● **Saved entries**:
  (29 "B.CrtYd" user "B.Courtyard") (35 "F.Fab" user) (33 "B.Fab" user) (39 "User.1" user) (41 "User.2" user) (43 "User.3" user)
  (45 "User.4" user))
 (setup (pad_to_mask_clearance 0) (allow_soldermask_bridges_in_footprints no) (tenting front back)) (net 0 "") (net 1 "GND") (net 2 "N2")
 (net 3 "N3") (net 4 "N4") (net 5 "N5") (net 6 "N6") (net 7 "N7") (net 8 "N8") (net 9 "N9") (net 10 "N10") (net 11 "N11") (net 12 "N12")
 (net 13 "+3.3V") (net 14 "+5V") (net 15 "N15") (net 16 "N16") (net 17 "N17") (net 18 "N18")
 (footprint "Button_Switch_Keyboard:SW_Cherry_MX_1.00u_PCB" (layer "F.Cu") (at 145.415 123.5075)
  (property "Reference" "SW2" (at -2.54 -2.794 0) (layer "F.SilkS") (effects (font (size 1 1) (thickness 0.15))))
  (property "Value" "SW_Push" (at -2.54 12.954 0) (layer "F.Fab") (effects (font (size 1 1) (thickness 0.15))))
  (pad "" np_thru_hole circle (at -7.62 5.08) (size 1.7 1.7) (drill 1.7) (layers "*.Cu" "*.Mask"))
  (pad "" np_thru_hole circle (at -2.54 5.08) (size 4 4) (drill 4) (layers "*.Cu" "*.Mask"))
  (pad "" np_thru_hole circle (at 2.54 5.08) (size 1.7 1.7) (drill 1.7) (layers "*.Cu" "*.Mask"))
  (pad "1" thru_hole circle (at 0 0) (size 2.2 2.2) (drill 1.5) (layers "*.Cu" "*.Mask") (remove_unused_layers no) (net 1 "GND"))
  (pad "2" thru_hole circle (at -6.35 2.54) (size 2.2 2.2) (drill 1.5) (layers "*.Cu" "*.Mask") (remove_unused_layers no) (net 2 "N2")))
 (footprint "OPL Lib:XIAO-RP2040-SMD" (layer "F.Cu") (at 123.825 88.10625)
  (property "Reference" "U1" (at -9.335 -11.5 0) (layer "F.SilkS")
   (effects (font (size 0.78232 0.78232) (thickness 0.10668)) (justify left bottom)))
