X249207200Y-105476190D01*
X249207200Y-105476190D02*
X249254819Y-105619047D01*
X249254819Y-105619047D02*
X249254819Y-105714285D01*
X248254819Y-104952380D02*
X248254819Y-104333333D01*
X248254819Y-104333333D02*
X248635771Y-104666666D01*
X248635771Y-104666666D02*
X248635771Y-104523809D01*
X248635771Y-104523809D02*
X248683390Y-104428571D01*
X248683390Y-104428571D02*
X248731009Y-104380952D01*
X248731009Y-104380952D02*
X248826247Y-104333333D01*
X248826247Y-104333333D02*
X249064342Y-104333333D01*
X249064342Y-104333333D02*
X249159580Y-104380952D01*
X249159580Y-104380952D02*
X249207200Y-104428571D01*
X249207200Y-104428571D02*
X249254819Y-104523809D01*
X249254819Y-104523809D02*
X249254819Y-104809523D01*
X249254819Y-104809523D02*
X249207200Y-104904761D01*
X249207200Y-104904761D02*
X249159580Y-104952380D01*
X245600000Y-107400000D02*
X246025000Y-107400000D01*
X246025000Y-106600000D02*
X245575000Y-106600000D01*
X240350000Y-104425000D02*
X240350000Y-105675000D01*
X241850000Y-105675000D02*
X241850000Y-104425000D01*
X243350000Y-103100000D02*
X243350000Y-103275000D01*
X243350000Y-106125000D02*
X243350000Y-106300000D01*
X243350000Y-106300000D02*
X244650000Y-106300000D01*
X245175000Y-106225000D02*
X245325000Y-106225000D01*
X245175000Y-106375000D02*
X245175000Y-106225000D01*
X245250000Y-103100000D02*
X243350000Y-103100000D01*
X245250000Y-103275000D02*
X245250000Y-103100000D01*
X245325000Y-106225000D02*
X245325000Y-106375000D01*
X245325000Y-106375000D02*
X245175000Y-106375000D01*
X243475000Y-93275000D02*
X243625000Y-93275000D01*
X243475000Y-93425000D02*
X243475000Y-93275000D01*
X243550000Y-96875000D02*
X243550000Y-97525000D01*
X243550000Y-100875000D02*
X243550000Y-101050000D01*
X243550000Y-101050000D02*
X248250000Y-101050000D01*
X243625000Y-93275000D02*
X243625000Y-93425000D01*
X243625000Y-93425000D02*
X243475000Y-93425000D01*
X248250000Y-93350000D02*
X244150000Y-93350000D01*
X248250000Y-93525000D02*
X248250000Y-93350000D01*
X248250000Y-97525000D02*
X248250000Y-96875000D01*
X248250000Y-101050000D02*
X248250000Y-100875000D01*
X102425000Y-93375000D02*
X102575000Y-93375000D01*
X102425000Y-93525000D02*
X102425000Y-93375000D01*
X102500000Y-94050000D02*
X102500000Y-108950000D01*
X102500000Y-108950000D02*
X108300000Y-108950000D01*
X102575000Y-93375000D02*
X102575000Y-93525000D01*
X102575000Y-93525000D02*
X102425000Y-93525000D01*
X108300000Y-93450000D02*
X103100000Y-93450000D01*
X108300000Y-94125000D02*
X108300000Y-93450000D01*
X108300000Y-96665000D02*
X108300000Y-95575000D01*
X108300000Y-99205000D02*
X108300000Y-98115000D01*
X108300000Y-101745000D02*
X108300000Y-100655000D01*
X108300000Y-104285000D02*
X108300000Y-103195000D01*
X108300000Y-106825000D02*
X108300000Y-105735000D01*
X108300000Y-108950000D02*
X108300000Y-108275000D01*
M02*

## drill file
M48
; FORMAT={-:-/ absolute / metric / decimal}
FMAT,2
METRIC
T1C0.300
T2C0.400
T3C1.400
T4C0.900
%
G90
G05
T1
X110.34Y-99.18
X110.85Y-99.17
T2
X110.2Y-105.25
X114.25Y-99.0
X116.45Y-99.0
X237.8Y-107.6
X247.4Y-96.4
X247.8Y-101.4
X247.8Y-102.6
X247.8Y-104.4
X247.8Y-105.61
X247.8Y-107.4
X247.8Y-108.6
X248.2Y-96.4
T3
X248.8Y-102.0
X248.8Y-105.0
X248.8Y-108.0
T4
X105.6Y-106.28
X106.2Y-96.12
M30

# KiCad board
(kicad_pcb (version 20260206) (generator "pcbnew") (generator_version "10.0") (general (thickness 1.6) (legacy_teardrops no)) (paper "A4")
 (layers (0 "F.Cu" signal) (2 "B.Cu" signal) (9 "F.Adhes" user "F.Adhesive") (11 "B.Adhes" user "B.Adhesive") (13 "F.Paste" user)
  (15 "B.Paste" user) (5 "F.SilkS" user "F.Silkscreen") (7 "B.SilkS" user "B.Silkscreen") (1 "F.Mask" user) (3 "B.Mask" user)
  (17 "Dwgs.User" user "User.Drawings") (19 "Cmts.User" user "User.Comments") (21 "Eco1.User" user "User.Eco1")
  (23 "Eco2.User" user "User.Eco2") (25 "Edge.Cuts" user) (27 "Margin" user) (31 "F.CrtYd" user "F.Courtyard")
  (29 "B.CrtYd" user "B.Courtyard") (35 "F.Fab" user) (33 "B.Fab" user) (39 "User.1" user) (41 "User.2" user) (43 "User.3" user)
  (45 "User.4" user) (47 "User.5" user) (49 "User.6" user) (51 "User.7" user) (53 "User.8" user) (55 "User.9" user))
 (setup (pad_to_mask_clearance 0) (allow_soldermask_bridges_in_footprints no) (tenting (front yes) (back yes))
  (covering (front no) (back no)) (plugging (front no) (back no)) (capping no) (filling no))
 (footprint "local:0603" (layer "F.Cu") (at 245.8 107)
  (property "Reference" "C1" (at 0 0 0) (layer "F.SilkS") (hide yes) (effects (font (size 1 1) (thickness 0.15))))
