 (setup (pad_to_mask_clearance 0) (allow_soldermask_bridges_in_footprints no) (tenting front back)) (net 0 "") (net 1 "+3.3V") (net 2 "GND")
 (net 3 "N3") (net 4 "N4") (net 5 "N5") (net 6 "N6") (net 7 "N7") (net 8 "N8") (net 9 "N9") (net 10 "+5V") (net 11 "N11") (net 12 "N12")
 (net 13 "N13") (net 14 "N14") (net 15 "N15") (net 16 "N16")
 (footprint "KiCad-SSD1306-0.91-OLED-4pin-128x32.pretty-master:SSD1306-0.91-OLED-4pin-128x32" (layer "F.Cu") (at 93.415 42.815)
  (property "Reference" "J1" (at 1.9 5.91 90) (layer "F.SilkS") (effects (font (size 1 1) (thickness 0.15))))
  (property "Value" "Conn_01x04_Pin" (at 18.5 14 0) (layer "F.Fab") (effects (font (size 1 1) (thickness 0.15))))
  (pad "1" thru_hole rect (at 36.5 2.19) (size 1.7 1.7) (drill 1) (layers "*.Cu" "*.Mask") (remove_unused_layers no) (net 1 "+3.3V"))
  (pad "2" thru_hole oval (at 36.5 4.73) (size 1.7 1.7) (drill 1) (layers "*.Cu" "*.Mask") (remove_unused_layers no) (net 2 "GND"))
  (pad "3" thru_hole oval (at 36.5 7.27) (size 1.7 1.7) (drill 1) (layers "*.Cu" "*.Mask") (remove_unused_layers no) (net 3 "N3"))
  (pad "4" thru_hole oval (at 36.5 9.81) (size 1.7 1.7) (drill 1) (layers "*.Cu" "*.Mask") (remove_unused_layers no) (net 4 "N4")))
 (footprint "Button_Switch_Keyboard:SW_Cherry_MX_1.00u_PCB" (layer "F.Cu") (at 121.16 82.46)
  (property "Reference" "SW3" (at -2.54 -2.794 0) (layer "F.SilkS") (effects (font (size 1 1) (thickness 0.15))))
---
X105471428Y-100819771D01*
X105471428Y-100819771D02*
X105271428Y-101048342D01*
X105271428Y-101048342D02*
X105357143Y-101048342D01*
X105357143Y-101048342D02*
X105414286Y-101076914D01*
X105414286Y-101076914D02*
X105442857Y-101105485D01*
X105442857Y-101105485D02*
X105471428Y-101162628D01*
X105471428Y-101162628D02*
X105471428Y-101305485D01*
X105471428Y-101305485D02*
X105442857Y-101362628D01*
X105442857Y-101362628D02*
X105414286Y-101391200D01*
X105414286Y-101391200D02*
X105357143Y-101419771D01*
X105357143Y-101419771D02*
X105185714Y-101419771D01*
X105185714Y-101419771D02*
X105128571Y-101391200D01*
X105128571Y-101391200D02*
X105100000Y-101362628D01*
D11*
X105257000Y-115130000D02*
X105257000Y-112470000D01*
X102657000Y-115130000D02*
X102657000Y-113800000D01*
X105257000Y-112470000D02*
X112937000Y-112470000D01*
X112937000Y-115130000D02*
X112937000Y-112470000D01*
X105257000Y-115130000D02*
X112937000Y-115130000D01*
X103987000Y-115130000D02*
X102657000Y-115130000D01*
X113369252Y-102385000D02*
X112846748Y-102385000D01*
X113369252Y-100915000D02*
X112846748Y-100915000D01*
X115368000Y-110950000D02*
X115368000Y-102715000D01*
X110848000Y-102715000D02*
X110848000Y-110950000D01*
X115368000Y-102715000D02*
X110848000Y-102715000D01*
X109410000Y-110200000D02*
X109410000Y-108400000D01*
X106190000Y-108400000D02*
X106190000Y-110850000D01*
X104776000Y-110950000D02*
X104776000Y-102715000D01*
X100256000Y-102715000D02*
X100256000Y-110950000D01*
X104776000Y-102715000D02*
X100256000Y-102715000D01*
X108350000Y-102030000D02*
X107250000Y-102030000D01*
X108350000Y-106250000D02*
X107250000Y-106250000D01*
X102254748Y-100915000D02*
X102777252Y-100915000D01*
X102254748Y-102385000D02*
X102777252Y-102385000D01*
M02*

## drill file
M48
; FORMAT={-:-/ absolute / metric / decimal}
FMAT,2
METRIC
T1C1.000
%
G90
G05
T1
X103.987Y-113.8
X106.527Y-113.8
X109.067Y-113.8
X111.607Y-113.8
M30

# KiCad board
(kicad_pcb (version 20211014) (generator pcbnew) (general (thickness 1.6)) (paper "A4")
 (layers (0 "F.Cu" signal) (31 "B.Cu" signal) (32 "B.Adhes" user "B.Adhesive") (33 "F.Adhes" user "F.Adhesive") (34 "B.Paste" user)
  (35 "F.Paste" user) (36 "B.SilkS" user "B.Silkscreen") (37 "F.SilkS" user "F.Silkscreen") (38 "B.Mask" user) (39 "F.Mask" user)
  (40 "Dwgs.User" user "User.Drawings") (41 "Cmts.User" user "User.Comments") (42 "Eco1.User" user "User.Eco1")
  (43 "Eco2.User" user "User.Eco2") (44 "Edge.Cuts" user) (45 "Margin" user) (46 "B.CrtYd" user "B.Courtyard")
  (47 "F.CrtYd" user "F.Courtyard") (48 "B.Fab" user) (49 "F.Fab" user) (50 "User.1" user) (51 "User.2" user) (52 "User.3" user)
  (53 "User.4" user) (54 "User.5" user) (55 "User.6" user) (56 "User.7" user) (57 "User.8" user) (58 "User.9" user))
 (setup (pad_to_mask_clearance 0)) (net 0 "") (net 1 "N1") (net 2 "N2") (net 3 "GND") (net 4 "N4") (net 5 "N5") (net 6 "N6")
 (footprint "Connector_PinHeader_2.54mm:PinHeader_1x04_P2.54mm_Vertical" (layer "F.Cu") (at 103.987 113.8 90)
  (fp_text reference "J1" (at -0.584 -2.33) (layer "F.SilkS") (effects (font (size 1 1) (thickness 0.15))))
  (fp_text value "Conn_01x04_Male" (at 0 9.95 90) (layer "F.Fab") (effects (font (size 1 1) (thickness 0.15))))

● **TASK DETAILS**: Output the lines above exactly, but only those between the line holding "X105471428Y-101305485D01*" and the line holding "X105128571Y-101391200D01*", inclusive.

● **TASK RESPONSE**:
X105471428Y-101305485D01*
X105471428Y-101305485D02*
X105442857Y-101362628D01*
X105442857Y-101362628D02*
X105414286Y-101391200D01*
X105414286Y-101391200D02*
X105357143Y-101419771D01*
X105357143Y-101419771D02*
X105185714Y-101419771D01*
X105185714Y-101419771D02*
X105128571Y-101391200D01*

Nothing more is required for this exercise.